Marilyn Monroe died on Aug. 4, 1962, exactly 57 years to the day before Andrew Dominik and Ana de Armas began filming Blonde, a drama about her life based on the novel by Joyce Carol Oates. Monroe obviously isn’t around today to watch the movie — but Dominik and de Armas are confident that if she could see it, she would like it.
“I don’t think she’d think the film was accurate in a factual sense,” Dominik tells MovieMaker. “I think she’d appreciate the attempt at someone trying to see her experience.”
“Maybe relieved, as well,” de Armas adds.
“I feel like it is a side of the story that hasn’t been told,” she says. “Just flipping the coin for once and just showing her perspective or her point of view or her struggles instead of just continuing with this idea of glamor and fame and success and happiness, and these beautiful images and pictures, and all of that, and being an idol. I could not imagine something harder than that. The expectations and the pressure that puts on someone, it’s beyond anything. It’s not natural. We’re not supposed to carry that pressure.”
The Knives Out, No Time to Die, and Blade Runner 2049 actress knows a little something about the pressure of fame.

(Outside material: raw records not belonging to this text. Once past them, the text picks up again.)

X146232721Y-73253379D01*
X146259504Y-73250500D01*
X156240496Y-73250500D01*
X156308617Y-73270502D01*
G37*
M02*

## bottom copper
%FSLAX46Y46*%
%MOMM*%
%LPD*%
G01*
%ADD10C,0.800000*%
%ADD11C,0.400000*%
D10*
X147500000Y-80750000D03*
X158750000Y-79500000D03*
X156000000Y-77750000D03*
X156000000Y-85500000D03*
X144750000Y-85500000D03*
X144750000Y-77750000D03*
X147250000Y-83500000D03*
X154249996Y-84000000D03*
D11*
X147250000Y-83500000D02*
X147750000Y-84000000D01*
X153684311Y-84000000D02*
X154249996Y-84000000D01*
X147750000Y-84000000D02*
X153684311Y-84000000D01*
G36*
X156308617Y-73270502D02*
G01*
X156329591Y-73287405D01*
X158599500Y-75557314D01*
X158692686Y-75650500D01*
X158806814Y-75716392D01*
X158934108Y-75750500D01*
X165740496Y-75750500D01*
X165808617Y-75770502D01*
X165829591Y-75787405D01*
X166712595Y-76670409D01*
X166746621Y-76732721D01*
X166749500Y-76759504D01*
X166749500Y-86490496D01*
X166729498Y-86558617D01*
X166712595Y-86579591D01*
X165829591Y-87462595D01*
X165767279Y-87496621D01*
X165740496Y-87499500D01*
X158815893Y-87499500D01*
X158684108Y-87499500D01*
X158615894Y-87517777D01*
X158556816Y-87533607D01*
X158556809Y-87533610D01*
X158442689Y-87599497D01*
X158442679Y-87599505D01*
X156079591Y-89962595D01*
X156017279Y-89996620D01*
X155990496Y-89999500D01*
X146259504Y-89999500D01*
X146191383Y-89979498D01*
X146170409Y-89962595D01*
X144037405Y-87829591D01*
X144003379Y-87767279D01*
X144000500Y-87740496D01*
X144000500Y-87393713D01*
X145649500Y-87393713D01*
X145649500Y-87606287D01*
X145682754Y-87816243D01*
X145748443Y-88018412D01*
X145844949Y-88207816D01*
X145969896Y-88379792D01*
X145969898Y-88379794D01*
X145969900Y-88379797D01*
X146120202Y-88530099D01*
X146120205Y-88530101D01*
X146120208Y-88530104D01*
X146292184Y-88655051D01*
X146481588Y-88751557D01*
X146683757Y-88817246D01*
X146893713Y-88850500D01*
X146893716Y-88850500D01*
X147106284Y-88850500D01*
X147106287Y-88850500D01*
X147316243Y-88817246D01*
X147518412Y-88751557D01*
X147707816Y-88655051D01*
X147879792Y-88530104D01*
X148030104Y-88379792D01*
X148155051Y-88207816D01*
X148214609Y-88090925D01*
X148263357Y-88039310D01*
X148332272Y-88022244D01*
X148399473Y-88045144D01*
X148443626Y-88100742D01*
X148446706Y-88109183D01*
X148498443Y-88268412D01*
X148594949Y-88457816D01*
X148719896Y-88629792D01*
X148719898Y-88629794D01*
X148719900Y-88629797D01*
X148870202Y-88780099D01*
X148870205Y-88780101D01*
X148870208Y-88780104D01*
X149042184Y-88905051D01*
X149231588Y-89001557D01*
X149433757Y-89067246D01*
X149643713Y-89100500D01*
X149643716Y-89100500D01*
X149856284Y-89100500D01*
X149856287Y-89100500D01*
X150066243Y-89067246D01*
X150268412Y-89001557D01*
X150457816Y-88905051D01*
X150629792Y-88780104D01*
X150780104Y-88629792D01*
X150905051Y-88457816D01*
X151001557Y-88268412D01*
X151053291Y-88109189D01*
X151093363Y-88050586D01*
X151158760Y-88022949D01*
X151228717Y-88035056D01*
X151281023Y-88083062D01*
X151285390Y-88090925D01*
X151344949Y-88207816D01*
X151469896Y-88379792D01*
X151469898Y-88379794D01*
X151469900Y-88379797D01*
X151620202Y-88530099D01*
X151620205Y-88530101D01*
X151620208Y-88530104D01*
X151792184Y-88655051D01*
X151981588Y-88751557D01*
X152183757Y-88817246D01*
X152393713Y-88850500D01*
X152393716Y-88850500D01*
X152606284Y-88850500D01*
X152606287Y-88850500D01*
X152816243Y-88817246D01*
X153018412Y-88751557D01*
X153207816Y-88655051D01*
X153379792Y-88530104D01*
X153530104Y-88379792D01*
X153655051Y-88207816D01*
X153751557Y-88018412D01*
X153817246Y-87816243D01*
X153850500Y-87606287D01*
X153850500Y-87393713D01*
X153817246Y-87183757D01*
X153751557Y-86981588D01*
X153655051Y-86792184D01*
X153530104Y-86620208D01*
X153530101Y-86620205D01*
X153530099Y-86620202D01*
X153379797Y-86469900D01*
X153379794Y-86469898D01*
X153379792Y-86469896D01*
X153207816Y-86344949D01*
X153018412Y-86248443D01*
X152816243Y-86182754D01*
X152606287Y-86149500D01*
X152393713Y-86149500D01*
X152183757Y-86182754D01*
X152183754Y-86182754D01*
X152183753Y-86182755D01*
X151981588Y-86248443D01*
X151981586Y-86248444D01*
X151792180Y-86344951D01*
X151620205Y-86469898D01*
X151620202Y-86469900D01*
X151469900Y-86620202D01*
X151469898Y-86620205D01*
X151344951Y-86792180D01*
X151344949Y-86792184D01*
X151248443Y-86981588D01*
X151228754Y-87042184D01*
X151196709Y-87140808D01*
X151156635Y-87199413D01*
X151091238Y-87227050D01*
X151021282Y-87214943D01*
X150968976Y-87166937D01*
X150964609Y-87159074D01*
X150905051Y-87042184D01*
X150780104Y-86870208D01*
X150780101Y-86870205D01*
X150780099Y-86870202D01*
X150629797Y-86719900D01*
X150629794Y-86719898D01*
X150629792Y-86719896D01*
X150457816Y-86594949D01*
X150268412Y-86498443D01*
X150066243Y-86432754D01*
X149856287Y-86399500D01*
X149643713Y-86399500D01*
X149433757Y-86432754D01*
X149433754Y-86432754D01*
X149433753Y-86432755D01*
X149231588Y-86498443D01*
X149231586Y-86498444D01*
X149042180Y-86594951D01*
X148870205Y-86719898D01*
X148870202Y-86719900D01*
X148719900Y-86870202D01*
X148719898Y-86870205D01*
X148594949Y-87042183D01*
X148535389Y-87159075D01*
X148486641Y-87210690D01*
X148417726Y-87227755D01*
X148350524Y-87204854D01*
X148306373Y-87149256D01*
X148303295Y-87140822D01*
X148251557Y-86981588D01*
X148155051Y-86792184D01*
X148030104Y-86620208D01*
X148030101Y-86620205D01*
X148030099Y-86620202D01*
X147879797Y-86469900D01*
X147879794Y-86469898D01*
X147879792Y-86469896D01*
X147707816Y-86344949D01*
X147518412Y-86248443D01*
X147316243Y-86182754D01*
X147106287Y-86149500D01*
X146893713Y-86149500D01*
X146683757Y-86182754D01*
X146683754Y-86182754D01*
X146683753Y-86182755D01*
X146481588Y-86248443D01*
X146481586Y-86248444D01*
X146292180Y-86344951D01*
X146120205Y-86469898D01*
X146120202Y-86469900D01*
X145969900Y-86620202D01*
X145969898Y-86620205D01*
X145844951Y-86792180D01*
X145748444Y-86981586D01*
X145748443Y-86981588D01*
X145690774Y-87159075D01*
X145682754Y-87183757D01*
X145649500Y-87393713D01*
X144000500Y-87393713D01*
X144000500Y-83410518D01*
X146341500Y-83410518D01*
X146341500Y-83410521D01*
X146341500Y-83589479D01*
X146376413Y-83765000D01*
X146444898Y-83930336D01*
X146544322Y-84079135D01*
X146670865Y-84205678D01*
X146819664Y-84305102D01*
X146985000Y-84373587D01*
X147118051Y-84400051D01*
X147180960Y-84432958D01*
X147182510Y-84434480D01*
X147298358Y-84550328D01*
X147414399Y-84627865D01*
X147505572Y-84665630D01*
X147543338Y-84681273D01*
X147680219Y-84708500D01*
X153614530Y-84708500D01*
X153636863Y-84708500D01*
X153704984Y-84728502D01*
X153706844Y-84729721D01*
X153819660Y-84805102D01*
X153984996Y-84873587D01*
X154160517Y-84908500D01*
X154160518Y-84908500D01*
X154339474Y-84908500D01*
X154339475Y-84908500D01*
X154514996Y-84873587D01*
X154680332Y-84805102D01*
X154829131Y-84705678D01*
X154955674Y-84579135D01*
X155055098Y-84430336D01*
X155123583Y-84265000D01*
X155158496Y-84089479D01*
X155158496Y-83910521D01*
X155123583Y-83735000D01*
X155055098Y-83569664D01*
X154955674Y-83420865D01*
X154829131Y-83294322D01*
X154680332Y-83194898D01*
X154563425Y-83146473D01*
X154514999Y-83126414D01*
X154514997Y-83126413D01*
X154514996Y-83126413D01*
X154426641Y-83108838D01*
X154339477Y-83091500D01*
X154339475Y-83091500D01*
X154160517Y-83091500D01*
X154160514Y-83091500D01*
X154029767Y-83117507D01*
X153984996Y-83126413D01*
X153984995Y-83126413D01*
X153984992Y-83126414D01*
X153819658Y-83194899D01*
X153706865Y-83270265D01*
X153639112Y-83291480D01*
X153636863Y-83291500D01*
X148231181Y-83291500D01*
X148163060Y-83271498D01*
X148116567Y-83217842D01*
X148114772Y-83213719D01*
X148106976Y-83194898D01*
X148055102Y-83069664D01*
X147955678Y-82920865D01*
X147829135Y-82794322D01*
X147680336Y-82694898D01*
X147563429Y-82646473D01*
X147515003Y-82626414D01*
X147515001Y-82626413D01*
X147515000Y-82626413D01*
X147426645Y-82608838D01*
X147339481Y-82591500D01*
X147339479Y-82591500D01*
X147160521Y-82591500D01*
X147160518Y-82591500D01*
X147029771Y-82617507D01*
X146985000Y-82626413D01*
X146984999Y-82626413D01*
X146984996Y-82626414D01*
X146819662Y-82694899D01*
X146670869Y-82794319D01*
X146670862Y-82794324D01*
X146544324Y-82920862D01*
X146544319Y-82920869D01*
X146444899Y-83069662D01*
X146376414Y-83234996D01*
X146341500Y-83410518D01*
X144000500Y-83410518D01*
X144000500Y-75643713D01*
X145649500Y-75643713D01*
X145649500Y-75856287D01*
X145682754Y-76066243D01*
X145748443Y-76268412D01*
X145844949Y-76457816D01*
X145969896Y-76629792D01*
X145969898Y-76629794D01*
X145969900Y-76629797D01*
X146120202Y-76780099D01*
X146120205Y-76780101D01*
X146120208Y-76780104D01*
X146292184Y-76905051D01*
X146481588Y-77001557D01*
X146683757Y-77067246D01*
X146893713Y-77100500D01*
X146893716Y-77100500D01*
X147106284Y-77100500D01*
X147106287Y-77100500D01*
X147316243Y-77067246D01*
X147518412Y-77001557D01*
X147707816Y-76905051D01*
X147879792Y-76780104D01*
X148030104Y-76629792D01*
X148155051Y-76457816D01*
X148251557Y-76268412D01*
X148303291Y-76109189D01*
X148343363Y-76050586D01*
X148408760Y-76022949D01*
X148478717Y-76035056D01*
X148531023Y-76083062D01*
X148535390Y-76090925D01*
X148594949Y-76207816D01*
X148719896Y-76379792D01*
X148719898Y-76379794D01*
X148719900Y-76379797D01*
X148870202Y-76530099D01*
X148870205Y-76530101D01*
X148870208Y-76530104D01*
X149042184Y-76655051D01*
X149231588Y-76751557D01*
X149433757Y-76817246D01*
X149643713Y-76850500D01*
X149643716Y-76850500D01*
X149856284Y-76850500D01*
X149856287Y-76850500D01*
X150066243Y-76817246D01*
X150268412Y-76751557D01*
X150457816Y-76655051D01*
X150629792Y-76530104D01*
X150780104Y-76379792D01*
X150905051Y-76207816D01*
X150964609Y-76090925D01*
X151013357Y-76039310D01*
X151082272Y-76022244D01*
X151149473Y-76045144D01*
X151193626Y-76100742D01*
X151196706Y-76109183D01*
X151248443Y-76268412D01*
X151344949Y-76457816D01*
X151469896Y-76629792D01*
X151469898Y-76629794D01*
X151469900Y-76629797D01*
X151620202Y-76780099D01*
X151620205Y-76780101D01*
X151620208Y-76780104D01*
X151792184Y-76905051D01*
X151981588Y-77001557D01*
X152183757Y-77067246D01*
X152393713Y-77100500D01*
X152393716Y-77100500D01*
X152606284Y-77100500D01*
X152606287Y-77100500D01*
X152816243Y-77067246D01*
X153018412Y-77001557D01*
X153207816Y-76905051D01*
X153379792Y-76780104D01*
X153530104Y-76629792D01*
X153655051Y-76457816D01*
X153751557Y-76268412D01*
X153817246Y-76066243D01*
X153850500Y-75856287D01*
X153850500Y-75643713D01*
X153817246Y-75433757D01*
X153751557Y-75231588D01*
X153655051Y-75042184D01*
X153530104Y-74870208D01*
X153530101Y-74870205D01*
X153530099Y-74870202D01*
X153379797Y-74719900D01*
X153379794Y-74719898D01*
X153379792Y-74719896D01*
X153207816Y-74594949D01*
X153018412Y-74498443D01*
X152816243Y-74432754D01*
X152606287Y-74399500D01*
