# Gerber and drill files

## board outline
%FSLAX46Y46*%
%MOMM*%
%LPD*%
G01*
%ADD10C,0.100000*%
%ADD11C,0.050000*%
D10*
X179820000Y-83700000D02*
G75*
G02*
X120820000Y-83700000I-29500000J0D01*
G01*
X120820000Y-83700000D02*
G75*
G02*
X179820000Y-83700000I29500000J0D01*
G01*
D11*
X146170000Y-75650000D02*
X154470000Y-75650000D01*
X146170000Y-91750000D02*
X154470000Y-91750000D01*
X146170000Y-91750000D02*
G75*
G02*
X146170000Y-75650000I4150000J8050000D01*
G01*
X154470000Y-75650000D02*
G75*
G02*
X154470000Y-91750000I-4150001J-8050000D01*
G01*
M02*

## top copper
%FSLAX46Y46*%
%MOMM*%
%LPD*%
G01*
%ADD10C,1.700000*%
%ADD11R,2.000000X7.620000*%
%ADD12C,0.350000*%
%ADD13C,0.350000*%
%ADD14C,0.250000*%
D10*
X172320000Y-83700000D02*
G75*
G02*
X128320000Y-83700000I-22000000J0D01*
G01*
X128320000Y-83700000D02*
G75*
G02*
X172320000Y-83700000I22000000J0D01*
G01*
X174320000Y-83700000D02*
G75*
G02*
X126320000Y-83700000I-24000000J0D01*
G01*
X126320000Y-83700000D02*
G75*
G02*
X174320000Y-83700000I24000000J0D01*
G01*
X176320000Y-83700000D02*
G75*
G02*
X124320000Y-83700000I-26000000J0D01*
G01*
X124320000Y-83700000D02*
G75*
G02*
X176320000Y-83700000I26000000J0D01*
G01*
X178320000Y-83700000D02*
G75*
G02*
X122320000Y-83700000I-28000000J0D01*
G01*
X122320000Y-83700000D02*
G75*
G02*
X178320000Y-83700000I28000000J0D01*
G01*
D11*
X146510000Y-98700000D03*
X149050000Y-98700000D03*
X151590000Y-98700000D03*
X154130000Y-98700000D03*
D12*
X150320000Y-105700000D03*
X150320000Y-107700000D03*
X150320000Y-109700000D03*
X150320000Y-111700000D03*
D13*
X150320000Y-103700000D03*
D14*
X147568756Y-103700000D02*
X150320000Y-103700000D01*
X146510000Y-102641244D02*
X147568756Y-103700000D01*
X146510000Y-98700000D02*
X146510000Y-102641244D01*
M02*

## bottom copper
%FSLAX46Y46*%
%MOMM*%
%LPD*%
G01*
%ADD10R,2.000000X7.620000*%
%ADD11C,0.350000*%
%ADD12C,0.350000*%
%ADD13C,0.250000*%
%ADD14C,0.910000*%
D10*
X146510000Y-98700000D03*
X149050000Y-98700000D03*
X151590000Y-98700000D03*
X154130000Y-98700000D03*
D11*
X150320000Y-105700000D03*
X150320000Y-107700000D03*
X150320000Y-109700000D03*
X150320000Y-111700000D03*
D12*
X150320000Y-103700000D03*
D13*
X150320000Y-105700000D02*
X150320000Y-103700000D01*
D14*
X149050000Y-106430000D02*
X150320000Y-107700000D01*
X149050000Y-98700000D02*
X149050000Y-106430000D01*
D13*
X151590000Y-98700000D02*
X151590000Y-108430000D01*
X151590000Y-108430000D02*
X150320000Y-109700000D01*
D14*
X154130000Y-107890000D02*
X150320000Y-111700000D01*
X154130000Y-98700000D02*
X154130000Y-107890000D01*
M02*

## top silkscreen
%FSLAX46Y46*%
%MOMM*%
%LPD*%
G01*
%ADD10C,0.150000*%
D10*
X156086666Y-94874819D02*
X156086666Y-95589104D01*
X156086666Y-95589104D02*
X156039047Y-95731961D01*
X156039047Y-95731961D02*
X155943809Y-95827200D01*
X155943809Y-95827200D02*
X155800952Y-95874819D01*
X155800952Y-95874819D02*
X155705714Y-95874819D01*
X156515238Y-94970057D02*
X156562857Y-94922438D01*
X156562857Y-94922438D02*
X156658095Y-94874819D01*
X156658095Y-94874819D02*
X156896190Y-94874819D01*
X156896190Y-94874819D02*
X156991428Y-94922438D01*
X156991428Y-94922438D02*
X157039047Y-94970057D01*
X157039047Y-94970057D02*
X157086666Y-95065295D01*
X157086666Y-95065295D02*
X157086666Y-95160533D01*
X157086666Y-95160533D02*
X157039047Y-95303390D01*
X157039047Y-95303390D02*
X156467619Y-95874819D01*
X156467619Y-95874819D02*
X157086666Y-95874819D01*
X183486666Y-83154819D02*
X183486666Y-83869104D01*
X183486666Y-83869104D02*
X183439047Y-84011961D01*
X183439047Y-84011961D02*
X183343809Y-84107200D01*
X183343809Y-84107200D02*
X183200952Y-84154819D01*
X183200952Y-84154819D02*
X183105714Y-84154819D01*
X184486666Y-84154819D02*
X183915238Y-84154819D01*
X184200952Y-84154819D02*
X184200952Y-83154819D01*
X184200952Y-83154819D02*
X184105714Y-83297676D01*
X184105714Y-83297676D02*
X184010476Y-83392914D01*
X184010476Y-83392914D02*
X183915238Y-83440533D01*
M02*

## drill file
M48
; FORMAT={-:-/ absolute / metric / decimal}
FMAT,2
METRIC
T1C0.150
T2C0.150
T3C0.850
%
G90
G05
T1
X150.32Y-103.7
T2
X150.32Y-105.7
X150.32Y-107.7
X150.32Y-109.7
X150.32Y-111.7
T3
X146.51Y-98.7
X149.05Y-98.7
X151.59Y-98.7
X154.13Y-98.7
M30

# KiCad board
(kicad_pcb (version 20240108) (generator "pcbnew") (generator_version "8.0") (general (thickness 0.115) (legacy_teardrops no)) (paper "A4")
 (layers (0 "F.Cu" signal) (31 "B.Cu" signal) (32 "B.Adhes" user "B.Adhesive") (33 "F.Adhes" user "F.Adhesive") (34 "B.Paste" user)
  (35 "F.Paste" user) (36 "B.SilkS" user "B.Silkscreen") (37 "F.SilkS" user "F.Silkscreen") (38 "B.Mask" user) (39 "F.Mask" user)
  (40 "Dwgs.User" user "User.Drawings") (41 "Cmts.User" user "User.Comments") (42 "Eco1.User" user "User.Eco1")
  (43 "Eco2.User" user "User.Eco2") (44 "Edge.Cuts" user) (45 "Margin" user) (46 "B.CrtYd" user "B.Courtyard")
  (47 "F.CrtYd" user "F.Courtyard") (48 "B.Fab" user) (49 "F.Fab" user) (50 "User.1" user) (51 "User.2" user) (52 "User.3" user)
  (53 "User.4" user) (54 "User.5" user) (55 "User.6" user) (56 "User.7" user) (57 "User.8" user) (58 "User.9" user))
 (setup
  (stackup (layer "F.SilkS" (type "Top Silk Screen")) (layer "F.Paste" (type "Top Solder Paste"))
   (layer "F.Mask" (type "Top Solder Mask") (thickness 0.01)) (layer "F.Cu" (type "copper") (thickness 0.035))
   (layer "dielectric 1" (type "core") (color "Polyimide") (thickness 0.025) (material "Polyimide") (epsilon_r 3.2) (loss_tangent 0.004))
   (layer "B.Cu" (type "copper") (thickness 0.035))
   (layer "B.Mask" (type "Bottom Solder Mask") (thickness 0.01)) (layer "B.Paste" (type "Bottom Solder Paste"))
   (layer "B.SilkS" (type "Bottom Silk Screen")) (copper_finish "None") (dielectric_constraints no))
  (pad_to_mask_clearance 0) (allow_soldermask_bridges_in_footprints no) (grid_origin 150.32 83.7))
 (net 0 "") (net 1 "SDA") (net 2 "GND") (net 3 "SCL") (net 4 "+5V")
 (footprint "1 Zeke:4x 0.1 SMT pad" (layer "F.Cu") (at 154.13 98.7 90)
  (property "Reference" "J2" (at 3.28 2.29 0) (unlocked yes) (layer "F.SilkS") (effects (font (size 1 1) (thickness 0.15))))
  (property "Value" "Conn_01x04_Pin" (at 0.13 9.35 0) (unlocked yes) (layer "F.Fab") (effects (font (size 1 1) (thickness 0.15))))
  (pad "1" thru_hole rect (at 0 -7.62 90) (size 7.62 2) (drill 0.85) (layers "*.Cu" "*.Mask") (remove_unused_layers no) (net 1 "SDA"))
  (pad "2" thru_hole rect (at 0 -5.08 90) (size 7.62 2) (drill 0.85) (layers "*.Cu" "*.Mask") (remove_unused_layers no) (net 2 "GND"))
  (pad "3" thru_hole rect (at 0 -2.54 90) (size 7.62 2) (drill 0.85) (layers "*.Cu" "*.Mask") (remove_unused_layers no) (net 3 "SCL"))
  (pad "4" thru_hole rect (at 0 0 90) (size 7.62 2) (drill 0.85) (layers "*.Cu" "*.Mask") (remove_unused_layers no) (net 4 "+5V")))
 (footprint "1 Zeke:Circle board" (layer "F.Cu") (at 150.32 83.7)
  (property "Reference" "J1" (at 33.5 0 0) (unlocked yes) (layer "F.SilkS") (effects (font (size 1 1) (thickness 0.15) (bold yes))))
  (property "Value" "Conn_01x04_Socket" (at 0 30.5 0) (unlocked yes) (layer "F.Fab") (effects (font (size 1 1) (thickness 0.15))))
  (fp_circle (center 0 0) (end 22 0) (stroke (width 1.7) (type solid)) (fill none) (layer "F.Cu"))
  (fp_circle (center 0 0) (end 24 0) (stroke (width 1.7) (type solid)) (fill none) (layer "F.Cu"))
  (fp_circle (center 0 0) (end 26 0) (stroke (width 1.7) (type solid)) (fill none) (layer "F.Cu"))
  (fp_circle (center 0 0) (end 28 0) (stroke (width 1.7) (type solid)) (fill none) (layer "F.Cu"))
  (fp_line (start -4.15 -8.05) (end 4.15 -8.05) (stroke (width 0.05) (type default)) (layer "Edge.Cuts"))
  (fp_line (start -4.15 8.05) (end 4.15 8.05) (stroke (width 0.05) (type default)) (layer "Edge.Cuts"))
  (fp_arc (start -4.15 8.05) (mid -9.056765 0) (end -4.15 -8.05) (stroke (width 0.05) (type default)) (layer "Edge.Cuts"))
  (fp_arc (start 4.15 -8.05) (mid 9.056765 0) (end 4.15 8.05) (stroke (width 0.05) (type default)) (layer "Edge.Cuts"))
  (pad "1" thru_hole circle (at 0 22) (size 0.35 0.35) (drill 0.15) (layers "*.Cu" "*.Mask") (remove_unused_layers no) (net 1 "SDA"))
  (pad "2" thru_hole circle (at 0 24) (size 0.35 0.35) (drill 0.15) (layers "*.Cu" "*.Mask") (remove_unused_layers no) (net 2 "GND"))
  (pad "3" thru_hole circle (at 0 26) (size 0.35 0.35) (drill 0.15) (layers "*.Cu" "*.Mask") (remove_unused_layers no) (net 3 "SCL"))
  (pad "4" thru_hole circle (at 0 28) (size 0.35 0.35) (drill 0.15) (layers "*.Cu" "*.Mask") (remove_unused_layers no) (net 4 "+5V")))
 (gr_circle (center 150.32 83.7) (end 179.82 83.7) (stroke (width 0.1) (type default)) (fill none) (layer "Edge.Cuts"))
 (segment (start 147.568756 103.7) (end 150.32 103.7) (width 0.25) (layer "F.Cu") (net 1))
 (segment (start 146.51 102.641244) (end 147.568756 103.7) (width 0.25) (layer "F.Cu") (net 1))
 (segment (start 146.51 98.7) (end 146.51 102.641244) (width 0.25) (layer "F.Cu") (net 1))
 (via (at 150.32 103.7) (size 0.35) (drill 0.15) (layers "F.Cu" "B.Cu") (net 1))
 (segment (start 150.32 105.7) (end 150.32 103.7) (width 0.25) (layer "B.Cu") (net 1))
 (segment (start 149.05 106.43) (end 150.32 107.7) (width 0.91) (layer "B.Cu") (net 2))
 (segment (start 149.05 98.7) (end 149.05 106.43) (width 0.91) (layer "B.Cu") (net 2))
 (segment (start 151.59 98.7) (end 151.59 108.43) (width 0.25) (layer "B.Cu") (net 3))
 (segment (start 151.59 108.43) (end 150.32 109.7) (width 0.25) (layer "B.Cu") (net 3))
 (segment (start 154.13 107.89) (end 150.32 111.7) (width 0.91) (layer "B.Cu") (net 4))
 (segment (start 154.13 98.7) (end 154.13 107.89) (width 0.91) (layer "B.Cu") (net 4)))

“I just imagine whatever my experience is, I multiply that by a thousand,” she says. “I could never even imagine what it was like, but I have an idea. I’m a woman, I’m in the industry. I’m a young actress. It’s a different world — we deal now with a different kind of pressure. So in many ways, I can definitely relate to that.”
More than anything, de Armas just wanted the movie to help people see Monroe “more as a human being.”
Though the culture has solidified Monroe’s place in history as not only a legend of the silver screen but also the gold standard of American beauty, Dominik wants to make one thing clear: “Marilyn Monroe was not respected in her lifetime,” he says.
“She was regarded as kind of a joke. And, you know, when you hear all the stories about her behavior, it’s all pretty appalling… Just not coming to work, and when you say, ‘Hey, how come you’re six hours late?’ She’d say, ‘I forgot where the studio was.’ The place that she’d been coming to for [years] — she’s a fucking nightmare, you know? She would have been. You hear [director] Billy Wilder’s stories about it, they’re just unbelievable. But those are all the stories about her that exist.”
Don’t let Dominik’s repeating of the old stories fool you — he’s completely enamored with the late actress. And he wanted to tell a story that honored the pain and suffering she went through.
“Nobody really is paying much attention to the fact that she’s had a miscarriage,” he says. “Which is what Joyce is basically pointing out — that there’s a sort of basic horror of the self and a desire to rescue the self which is projected outward.”
Blonde arrives on Netflix on Sept. 28 and is now in select theaters.